As FDDB uses ellipse for annotations, we fit the output rectangles to elliptical representations of the whole face. We use the evaluation code provided by Jain and Learned-Miller [1] and the results using discrete score metric are shown in Fig. 7. We compare our results with the latest published methods on FDDB including MTCNN, DP2MFD, Faceness-Net and Hyperface. Ours performs worse than MTCNN and DP2MFD which resort to powerful yet complex CNN features but is better than Faceness-Net, which is also component-based but with the help of CNN structure. AVC gets 84.4% detection rate at FP = 100, and a detection rate of 89.0% at FP = 300. Example detection results are shown in the second and third row of Fig. 8, where faces under poses changes and occlusions have been successfully located.

6.4 Does Component-Invariant Mapping Help?

We have tried two other methods when preparing facial-component patches for training component detectors. One is to define anchor points and extents of rectangle, the other is to project 3D landmarks back to 2D plane. However, unlike training holistic face detector that gets by with ordinary methods, the uniformity of component training-set under profile or semi-profile views deteriorates notably compared to those under frontal views. The resulting detectors that we have trained achieve at best 81% AP on FDDB. To the best of our knowledge, it remains a tricky issue on how to achieve consistency under profile views [30]. This motivates us to make new attempts and explore component-invariant mapping, whose performance is further boosted with the help of symmetric component detection because, when a face only exposes RE/RM component, LE/LM component detector would fail. Second, its likely that symmetric component detection presents a symmetric but unblocked or simpler view for detector. Third, symmetric detection obviates the need to train another two more detectors and regression parameters. Experiment shows that trained part-detectors using conventional cropped patches will decrease AP by about 8.2% on FDDB.

6.5 Model Complexity

As is shown in Table 1, different tree levels for training have been evaluated, leading to different training stages and number of weak classifiers. Training FAR indicates to what extent AVC has converged, but it can not reflect the performance of the model on test set.

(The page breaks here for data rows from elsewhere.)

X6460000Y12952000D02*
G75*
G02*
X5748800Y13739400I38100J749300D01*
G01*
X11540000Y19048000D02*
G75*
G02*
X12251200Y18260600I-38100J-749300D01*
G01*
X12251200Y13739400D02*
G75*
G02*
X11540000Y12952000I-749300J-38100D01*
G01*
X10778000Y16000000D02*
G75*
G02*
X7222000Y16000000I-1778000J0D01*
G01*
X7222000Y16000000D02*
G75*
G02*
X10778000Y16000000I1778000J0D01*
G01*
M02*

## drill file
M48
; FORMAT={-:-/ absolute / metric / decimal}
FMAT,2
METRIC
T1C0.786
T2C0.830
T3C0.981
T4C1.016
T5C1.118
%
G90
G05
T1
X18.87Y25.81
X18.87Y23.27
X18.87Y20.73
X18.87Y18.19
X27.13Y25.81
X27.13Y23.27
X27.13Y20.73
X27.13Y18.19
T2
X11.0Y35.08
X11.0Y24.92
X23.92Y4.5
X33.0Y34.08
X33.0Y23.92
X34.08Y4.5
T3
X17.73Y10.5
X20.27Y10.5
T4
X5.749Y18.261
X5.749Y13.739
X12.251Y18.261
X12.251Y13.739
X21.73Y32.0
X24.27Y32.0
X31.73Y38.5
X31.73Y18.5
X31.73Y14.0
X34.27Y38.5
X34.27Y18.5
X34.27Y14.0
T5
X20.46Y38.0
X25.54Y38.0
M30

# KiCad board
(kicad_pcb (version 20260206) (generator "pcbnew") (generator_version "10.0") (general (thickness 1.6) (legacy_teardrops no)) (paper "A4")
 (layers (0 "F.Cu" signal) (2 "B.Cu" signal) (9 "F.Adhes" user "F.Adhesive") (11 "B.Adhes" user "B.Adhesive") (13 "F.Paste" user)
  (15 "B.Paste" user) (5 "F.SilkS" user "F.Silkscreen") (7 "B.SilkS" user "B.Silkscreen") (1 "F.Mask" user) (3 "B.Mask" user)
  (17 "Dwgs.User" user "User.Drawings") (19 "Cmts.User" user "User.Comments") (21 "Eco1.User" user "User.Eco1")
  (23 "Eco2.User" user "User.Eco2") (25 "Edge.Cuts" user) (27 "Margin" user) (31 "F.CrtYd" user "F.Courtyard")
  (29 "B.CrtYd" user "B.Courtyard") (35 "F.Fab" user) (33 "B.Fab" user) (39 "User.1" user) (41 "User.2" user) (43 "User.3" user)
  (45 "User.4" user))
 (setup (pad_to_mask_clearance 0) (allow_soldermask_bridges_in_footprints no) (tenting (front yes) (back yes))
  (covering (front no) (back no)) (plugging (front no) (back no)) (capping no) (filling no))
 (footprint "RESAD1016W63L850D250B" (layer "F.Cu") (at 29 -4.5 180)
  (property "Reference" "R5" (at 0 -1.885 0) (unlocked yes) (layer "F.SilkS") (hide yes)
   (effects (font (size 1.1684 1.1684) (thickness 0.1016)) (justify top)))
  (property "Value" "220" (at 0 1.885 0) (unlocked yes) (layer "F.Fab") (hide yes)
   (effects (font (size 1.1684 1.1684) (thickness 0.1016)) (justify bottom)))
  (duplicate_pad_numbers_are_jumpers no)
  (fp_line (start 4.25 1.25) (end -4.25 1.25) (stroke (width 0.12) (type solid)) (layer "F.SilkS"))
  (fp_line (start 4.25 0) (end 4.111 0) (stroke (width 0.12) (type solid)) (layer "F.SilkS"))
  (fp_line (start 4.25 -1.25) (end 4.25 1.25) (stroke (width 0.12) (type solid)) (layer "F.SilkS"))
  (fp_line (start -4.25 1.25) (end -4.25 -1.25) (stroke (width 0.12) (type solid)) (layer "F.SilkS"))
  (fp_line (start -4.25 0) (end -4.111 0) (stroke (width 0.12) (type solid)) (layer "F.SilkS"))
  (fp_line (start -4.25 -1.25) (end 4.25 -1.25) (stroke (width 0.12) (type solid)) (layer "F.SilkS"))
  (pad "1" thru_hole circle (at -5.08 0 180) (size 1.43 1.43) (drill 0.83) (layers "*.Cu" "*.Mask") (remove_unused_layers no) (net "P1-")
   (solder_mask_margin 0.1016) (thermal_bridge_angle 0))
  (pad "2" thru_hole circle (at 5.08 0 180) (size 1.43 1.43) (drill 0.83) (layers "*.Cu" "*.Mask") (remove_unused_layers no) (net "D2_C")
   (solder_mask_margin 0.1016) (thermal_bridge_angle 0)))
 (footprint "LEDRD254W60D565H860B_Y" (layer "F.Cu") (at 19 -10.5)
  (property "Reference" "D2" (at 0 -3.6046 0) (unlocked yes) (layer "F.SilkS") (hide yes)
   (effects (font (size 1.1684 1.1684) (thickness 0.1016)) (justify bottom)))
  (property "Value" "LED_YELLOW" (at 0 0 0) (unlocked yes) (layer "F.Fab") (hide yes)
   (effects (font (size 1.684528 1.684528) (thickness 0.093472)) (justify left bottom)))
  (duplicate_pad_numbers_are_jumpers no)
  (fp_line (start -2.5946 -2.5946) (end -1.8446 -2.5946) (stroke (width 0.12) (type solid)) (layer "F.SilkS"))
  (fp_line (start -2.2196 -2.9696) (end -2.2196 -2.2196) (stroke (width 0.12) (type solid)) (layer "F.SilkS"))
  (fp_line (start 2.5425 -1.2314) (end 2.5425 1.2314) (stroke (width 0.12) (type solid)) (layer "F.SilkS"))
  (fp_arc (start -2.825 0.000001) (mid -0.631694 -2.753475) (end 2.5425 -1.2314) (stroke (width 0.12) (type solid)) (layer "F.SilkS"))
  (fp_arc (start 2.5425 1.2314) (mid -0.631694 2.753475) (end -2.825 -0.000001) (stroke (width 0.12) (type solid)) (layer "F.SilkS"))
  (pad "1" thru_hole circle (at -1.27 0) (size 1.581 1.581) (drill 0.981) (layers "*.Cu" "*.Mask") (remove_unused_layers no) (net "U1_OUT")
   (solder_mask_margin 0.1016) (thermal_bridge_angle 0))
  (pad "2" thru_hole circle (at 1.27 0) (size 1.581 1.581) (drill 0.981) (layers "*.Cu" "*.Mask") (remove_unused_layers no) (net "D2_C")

The complexity of the model is measured by aveEval, which means the average number of NPD features evaluated per detection window. The lower the value of aveEval, the faster the detector. For the sake of speed, this index is important for the choices of our component models.

Table 1. Comparison of model complexity between AVC and NPD

The aveEval in LE and LM are 24.754 and 26.755 respectively (See Table 1). So the total number of features per detection window that AVC has to evaluate is 103.018 with symmetric detection considered, which is faster than NPD holistic face detector implemented in [23] that has 46401 weak classifiers and an aveEval of 114.507. With regard to pose-variations and occlusions, AVC also outperforms NPD detector by a notable margin on FDDB (See Fig. 7(c)). Another advantage of AVC is that storage memory required is low compared to CNN methods, which is crucial for real-world applications. The total model size of AVC is only 2.65 MB, smaller compared to NPD (6.31 MB) or a typical CNN model.

7 Conclusion

In this paper, we proposed a new method called AVC highlighting component-based face detection, which addresses pose variations and occlusions simultaneously in a single framework with low complexity. We show a consistent component definition which helps to achieve pose-invariant component detection. To handle facial occlusions, we only detect visible facial components, and build a local to global aggregation strategy to detect the whole face adaptively. Experiments on the FDDB and AFW databases show that the proposed method is robust in handling illuminations, occlusions and pose-variations, achieving much better performance but lower model complexity compared to the corresponding holistic face detector. The proposed face detector is able to output local facial components as well as meanshape landmarks, which may be helpful in landmark detection initialization and pose estimation. We will leave it as future work for investigation.